What is being asked:
Exact reproduction required: the lines below from the line with "(pad 7 smd roundrect" to the line with "(pad 5 smd roundrect", both ends included, and no others.

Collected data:
---
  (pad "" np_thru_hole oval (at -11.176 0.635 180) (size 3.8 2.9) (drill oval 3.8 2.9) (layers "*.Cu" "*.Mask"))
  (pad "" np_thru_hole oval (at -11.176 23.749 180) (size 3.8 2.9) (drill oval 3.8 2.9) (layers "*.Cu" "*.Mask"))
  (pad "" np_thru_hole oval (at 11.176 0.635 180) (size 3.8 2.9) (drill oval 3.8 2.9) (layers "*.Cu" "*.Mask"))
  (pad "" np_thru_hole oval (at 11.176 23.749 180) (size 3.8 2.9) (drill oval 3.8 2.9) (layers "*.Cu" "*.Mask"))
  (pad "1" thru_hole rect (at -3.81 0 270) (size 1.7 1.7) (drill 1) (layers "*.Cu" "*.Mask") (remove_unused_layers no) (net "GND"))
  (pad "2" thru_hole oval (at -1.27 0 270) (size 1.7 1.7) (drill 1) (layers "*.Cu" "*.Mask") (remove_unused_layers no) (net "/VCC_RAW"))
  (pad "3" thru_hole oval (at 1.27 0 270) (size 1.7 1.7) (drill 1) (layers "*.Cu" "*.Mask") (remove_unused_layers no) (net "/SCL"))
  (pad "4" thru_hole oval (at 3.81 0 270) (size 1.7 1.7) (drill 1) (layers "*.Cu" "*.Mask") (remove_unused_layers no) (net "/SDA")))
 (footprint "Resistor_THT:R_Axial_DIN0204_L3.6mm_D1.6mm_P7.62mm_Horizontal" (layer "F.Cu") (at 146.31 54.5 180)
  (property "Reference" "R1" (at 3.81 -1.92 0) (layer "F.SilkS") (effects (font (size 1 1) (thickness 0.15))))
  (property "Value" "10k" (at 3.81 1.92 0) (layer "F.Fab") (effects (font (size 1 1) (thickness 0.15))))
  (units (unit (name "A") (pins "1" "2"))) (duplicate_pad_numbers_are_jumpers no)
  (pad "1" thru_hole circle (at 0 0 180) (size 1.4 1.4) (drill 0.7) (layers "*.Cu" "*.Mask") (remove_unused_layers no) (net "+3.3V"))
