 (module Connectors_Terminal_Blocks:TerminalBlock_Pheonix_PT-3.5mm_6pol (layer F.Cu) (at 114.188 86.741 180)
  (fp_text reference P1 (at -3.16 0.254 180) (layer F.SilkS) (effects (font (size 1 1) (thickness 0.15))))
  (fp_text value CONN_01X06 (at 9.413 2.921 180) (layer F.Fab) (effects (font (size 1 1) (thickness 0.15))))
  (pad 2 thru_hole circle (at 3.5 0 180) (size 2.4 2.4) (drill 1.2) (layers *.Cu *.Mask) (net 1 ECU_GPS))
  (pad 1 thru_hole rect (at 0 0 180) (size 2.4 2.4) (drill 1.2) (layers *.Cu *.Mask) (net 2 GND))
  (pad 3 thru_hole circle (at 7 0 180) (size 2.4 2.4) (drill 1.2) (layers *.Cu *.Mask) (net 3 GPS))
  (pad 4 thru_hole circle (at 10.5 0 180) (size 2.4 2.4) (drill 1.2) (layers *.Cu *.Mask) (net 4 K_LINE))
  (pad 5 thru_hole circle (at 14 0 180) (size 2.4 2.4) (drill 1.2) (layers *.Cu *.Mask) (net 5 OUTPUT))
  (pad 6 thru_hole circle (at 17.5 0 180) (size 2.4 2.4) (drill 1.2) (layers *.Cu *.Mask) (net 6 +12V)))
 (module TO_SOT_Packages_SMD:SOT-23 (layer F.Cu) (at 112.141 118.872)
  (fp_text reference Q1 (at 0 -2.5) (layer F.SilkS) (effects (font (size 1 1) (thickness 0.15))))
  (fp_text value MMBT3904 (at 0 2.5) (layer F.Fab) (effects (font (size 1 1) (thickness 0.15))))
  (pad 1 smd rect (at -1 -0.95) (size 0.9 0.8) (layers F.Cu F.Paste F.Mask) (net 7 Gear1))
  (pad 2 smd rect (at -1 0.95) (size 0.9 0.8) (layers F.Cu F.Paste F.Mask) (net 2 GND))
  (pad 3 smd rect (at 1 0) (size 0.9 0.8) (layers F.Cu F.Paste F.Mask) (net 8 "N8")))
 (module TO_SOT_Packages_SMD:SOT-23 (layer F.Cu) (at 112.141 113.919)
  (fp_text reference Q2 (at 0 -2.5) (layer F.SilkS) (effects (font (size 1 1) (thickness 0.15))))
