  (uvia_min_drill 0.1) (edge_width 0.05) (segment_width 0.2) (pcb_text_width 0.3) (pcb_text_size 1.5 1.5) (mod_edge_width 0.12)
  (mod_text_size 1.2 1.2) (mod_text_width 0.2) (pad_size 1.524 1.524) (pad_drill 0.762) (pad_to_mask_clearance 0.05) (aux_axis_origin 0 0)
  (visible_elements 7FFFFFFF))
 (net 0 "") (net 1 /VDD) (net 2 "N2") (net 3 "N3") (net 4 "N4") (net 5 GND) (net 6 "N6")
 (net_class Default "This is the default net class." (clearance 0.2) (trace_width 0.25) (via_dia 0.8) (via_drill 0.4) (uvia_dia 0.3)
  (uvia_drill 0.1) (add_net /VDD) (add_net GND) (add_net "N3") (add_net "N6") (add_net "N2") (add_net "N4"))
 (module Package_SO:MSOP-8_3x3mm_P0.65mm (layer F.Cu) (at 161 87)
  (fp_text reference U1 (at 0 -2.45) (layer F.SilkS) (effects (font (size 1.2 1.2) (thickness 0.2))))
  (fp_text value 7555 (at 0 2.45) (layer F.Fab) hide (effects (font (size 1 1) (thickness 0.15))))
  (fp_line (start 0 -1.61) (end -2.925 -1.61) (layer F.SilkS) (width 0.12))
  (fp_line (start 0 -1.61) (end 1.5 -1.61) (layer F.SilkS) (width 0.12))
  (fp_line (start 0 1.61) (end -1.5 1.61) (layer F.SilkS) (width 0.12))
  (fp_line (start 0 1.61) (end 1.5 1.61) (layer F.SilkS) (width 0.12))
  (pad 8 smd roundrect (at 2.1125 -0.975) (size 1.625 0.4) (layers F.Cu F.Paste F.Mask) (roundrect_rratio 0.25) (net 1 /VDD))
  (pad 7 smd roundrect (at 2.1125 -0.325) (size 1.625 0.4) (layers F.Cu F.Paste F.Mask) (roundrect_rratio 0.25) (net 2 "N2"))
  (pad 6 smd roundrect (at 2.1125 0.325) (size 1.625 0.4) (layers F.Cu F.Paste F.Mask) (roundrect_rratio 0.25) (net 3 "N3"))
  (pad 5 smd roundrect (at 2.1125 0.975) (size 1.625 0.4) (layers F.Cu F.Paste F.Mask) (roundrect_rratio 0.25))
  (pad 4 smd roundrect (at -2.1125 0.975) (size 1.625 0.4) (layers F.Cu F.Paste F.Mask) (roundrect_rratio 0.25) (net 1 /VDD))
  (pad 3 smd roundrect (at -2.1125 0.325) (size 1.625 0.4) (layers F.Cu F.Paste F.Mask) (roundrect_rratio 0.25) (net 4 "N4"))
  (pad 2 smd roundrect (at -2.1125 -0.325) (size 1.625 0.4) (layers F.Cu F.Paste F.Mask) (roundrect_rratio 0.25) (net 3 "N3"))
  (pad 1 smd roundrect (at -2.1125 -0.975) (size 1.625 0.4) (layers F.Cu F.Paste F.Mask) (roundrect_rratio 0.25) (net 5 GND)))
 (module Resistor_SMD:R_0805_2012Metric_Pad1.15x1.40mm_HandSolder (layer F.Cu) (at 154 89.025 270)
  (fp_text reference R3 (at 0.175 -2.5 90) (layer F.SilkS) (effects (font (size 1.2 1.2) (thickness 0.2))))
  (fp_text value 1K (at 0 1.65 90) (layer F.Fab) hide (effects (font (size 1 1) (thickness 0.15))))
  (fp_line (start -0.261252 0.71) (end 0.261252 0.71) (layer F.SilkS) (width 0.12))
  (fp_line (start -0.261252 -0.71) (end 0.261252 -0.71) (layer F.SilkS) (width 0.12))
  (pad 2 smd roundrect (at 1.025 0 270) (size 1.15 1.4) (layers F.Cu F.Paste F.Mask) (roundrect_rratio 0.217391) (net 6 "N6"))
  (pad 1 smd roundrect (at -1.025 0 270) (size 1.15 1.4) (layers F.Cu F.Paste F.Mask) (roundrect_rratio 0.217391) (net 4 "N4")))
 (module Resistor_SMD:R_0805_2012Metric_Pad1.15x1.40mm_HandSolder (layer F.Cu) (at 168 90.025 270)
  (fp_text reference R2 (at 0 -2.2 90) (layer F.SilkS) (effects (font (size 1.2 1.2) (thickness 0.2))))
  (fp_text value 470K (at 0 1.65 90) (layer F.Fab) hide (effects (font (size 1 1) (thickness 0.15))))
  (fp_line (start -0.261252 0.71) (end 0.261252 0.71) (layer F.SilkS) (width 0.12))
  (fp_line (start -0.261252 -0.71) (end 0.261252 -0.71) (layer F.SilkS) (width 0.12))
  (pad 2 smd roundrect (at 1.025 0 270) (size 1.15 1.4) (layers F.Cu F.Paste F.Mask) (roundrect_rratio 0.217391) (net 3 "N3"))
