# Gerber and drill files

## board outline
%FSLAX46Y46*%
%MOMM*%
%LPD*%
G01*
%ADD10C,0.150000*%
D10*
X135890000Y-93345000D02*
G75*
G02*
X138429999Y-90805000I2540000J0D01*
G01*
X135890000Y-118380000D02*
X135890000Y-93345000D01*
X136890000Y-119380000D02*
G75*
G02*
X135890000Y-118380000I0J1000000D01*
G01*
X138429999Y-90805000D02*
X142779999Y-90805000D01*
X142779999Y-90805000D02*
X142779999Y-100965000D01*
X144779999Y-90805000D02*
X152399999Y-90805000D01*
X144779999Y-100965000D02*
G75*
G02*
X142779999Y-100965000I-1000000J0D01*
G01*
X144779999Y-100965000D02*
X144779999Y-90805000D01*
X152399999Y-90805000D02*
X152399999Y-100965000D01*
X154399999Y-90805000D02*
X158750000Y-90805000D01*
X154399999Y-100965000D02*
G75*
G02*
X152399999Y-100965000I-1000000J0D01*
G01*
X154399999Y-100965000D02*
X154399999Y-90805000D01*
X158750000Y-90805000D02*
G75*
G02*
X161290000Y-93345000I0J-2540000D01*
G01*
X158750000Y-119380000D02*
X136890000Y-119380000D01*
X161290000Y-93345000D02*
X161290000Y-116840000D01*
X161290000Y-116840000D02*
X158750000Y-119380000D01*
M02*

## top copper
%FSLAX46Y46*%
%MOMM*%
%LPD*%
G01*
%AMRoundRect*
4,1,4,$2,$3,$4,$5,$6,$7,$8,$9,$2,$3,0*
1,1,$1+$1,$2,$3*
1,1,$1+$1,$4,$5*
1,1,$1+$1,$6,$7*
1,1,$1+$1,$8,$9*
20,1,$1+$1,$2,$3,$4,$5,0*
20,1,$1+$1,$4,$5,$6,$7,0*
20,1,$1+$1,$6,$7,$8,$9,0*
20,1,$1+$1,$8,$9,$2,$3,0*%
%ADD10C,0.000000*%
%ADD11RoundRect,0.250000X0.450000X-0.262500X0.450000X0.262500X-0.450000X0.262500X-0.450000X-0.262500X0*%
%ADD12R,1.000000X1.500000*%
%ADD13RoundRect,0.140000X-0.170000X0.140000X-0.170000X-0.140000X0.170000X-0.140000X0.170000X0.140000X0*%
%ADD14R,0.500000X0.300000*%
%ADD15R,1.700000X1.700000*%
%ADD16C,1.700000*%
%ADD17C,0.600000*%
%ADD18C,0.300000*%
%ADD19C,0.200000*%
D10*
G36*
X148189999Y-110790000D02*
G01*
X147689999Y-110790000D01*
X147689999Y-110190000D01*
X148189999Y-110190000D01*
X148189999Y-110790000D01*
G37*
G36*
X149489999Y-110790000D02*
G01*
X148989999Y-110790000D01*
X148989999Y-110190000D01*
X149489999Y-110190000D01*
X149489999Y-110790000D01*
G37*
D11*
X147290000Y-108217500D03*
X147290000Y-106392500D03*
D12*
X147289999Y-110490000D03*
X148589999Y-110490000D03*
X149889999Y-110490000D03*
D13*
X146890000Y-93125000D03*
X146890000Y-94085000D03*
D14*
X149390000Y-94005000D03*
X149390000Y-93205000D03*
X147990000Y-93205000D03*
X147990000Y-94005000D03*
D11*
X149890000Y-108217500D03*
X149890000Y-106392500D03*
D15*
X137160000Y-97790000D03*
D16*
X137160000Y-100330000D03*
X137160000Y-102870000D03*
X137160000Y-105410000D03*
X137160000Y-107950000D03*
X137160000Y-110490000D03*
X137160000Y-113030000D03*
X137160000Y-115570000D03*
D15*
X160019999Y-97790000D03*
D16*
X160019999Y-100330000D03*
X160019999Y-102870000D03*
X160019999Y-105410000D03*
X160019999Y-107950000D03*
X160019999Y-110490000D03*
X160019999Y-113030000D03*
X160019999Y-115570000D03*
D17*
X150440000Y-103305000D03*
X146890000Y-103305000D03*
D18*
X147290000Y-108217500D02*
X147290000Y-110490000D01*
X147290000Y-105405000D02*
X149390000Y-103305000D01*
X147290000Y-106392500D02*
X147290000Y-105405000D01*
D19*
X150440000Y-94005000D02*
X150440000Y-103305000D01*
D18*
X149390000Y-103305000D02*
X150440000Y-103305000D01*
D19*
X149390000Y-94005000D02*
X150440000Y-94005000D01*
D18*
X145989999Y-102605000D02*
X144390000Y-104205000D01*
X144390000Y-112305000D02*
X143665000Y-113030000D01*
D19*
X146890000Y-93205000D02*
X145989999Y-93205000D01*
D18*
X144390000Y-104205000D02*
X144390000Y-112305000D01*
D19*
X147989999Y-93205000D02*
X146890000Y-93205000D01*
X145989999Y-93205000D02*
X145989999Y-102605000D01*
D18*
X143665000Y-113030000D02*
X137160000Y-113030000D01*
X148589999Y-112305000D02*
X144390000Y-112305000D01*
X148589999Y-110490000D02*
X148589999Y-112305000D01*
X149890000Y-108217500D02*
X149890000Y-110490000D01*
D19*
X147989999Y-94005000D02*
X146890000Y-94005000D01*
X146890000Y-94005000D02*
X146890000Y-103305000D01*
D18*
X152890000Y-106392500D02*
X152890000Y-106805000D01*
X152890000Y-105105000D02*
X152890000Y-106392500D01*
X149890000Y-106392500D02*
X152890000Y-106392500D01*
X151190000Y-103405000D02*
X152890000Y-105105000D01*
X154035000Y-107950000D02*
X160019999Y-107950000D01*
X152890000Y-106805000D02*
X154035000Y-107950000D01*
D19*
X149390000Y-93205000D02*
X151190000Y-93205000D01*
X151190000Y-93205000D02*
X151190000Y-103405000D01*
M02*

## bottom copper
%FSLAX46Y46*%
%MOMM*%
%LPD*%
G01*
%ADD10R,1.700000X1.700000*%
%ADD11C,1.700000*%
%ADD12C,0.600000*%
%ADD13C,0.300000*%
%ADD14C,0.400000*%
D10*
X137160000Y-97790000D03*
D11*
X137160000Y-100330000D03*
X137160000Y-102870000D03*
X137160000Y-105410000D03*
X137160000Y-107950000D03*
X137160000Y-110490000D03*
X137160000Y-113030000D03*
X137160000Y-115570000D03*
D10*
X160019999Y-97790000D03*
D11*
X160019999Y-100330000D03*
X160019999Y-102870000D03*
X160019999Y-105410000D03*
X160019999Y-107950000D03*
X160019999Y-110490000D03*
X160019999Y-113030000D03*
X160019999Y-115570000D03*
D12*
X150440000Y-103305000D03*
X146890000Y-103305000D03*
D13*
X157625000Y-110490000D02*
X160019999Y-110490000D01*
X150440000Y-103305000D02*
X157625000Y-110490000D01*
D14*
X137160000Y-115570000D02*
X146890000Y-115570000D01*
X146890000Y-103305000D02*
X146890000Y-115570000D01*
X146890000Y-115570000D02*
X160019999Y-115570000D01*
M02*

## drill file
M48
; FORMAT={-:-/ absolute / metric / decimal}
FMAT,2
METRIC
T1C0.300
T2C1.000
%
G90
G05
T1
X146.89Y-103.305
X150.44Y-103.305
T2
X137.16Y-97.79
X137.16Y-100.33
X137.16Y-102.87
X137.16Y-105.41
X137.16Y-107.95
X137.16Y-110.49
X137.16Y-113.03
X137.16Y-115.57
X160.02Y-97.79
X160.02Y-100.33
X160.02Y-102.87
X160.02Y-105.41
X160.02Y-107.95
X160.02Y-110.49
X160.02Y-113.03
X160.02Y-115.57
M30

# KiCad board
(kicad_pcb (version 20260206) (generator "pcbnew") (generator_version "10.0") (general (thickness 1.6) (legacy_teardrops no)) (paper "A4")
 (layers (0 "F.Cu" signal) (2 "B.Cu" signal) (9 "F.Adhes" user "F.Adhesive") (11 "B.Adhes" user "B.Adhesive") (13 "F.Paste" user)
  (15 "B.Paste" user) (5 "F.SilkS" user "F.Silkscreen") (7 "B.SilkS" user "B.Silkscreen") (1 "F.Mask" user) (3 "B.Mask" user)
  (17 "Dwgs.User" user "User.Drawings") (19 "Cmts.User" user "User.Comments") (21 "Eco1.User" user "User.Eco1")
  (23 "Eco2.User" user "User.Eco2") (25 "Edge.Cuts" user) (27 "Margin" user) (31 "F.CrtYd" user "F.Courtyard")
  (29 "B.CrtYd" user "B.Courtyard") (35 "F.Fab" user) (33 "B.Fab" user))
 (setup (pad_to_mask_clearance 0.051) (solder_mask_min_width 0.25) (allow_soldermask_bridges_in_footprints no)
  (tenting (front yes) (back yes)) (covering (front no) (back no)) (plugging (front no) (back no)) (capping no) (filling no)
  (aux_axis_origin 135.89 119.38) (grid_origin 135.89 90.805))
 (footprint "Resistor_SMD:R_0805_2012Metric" (layer "F.Cu") (at 147.29 107.305 90)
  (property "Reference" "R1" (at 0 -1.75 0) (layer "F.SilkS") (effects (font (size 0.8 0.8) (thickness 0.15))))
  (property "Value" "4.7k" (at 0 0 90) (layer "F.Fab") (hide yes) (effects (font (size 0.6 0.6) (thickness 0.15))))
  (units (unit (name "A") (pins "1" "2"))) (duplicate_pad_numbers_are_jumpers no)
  (pad "1" smd roundrect (at -0.9125 0 90) (size 1.025 1.4) (layers "F.Cu" "F.Mask" "F.Paste") (roundrect_rratio 0.243902)
   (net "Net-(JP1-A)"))
  (pad "2" smd roundrect (at 0.9125 0 90) (size 1.025 1.4) (layers "F.Cu" "F.Mask" "F.Paste") (roundrect_rratio 0.243902) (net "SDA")))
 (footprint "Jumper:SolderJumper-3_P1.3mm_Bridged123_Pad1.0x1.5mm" (layer "F.Cu") (at 148.589999 110.49)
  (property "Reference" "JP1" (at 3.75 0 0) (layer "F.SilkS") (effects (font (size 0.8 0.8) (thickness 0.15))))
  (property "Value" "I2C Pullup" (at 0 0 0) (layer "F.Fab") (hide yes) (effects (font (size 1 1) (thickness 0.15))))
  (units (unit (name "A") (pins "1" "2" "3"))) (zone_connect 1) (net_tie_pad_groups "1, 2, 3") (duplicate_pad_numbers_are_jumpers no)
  (fp_poly (pts (xy -0.9 -0.3) (xy -0.4 -0.3) (xy -0.4 0.3) (xy -0.9 0.3)) (stroke (width 0) (type solid)) (fill yes) (layer "F.Cu"))
  (fp_poly (pts (xy 0.4 -0.3) (xy 0.9 -0.3) (xy 0.9 0.3) (xy 0.4 0.3)) (stroke (width 0) (type solid)) (fill yes) (layer "F.Cu"))
  (pad "1" smd rect (at -1.3 0) (size 1 1.5) (layers "F.Cu" "F.Mask") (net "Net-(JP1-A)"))
  (pad "2" smd rect (at 0 0) (size 1 1.5) (layers "F.Cu" "F.Mask") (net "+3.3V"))
  (pad "3" smd rect (at 1.3 0) (size 1 1.5) (layers "F.Cu" "F.Mask") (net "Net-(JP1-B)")))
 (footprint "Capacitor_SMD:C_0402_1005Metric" (layer "F.Cu") (at 146.89 93.605 -90)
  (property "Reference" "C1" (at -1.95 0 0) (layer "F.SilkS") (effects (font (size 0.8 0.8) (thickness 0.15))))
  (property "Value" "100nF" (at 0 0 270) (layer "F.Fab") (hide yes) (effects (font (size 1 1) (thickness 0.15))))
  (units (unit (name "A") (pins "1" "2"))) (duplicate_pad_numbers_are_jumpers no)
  (pad "1" smd roundrect (at -0.48 0 270) (size 0.56 0.62) (layers "F.Cu" "F.Mask" "F.Paste") (roundrect_rratio 0.25) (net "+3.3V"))
  (pad "2" smd roundrect (at 0.48 0 270) (size 0.56 0.62) (layers "F.Cu" "F.Mask" "F.Paste") (roundrect_rratio 0.25) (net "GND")))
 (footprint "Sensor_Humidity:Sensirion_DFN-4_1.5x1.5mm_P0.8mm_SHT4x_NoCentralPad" (layer "F.Cu") (at 148.69 93.605 180)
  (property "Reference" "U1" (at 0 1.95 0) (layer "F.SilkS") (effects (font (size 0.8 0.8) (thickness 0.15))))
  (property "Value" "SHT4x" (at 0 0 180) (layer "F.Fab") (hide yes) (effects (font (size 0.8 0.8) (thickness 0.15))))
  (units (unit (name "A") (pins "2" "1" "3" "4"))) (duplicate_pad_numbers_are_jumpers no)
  (pad "1" smd rect (at -0.7 -0.4 180) (size 0.5 0.3) (layers "F.Cu" "F.Mask" "F.Paste") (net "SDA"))
  (pad "2" smd rect (at -0.7 0.4 180) (size 0.5 0.3) (layers "F.Cu" "F.Mask" "F.Paste") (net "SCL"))
  (pad "3" smd rect (at 0.7 0.4 180) (size 0.5 0.3) (layers "F.Cu" "F.Mask" "F.Paste") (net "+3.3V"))
  (pad "4" smd rect (at 0.7 -0.4 180) (size 0.5 0.3) (layers "F.Cu" "F.Mask" "F.Paste") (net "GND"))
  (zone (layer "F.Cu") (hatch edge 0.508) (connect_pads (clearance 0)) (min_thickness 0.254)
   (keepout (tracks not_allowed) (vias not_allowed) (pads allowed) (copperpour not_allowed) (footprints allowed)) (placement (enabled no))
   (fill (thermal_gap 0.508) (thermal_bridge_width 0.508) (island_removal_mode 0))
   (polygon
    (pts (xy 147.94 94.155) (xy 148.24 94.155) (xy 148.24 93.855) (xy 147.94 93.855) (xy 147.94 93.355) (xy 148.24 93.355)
---
Reply to the task:
  (pad 7 smd roundrect (at 2.1125 -0.325) (size 1.625 0.4) (layers F.Cu F.Paste F.Mask) (roundrect_rratio 0.25) (net 2 "N2"))
  (pad 6 smd roundrect (at 2.1125 0.325) (size 1.625 0.4) (layers F.Cu F.Paste F.Mask) (roundrect_rratio 0.25) (net 3 "N3"))
  (pad 5 smd roundrect (at 2.1125 0.975) (size 1.625 0.4) (layers F.Cu F.Paste F.Mask) (roundrect_rratio 0.25))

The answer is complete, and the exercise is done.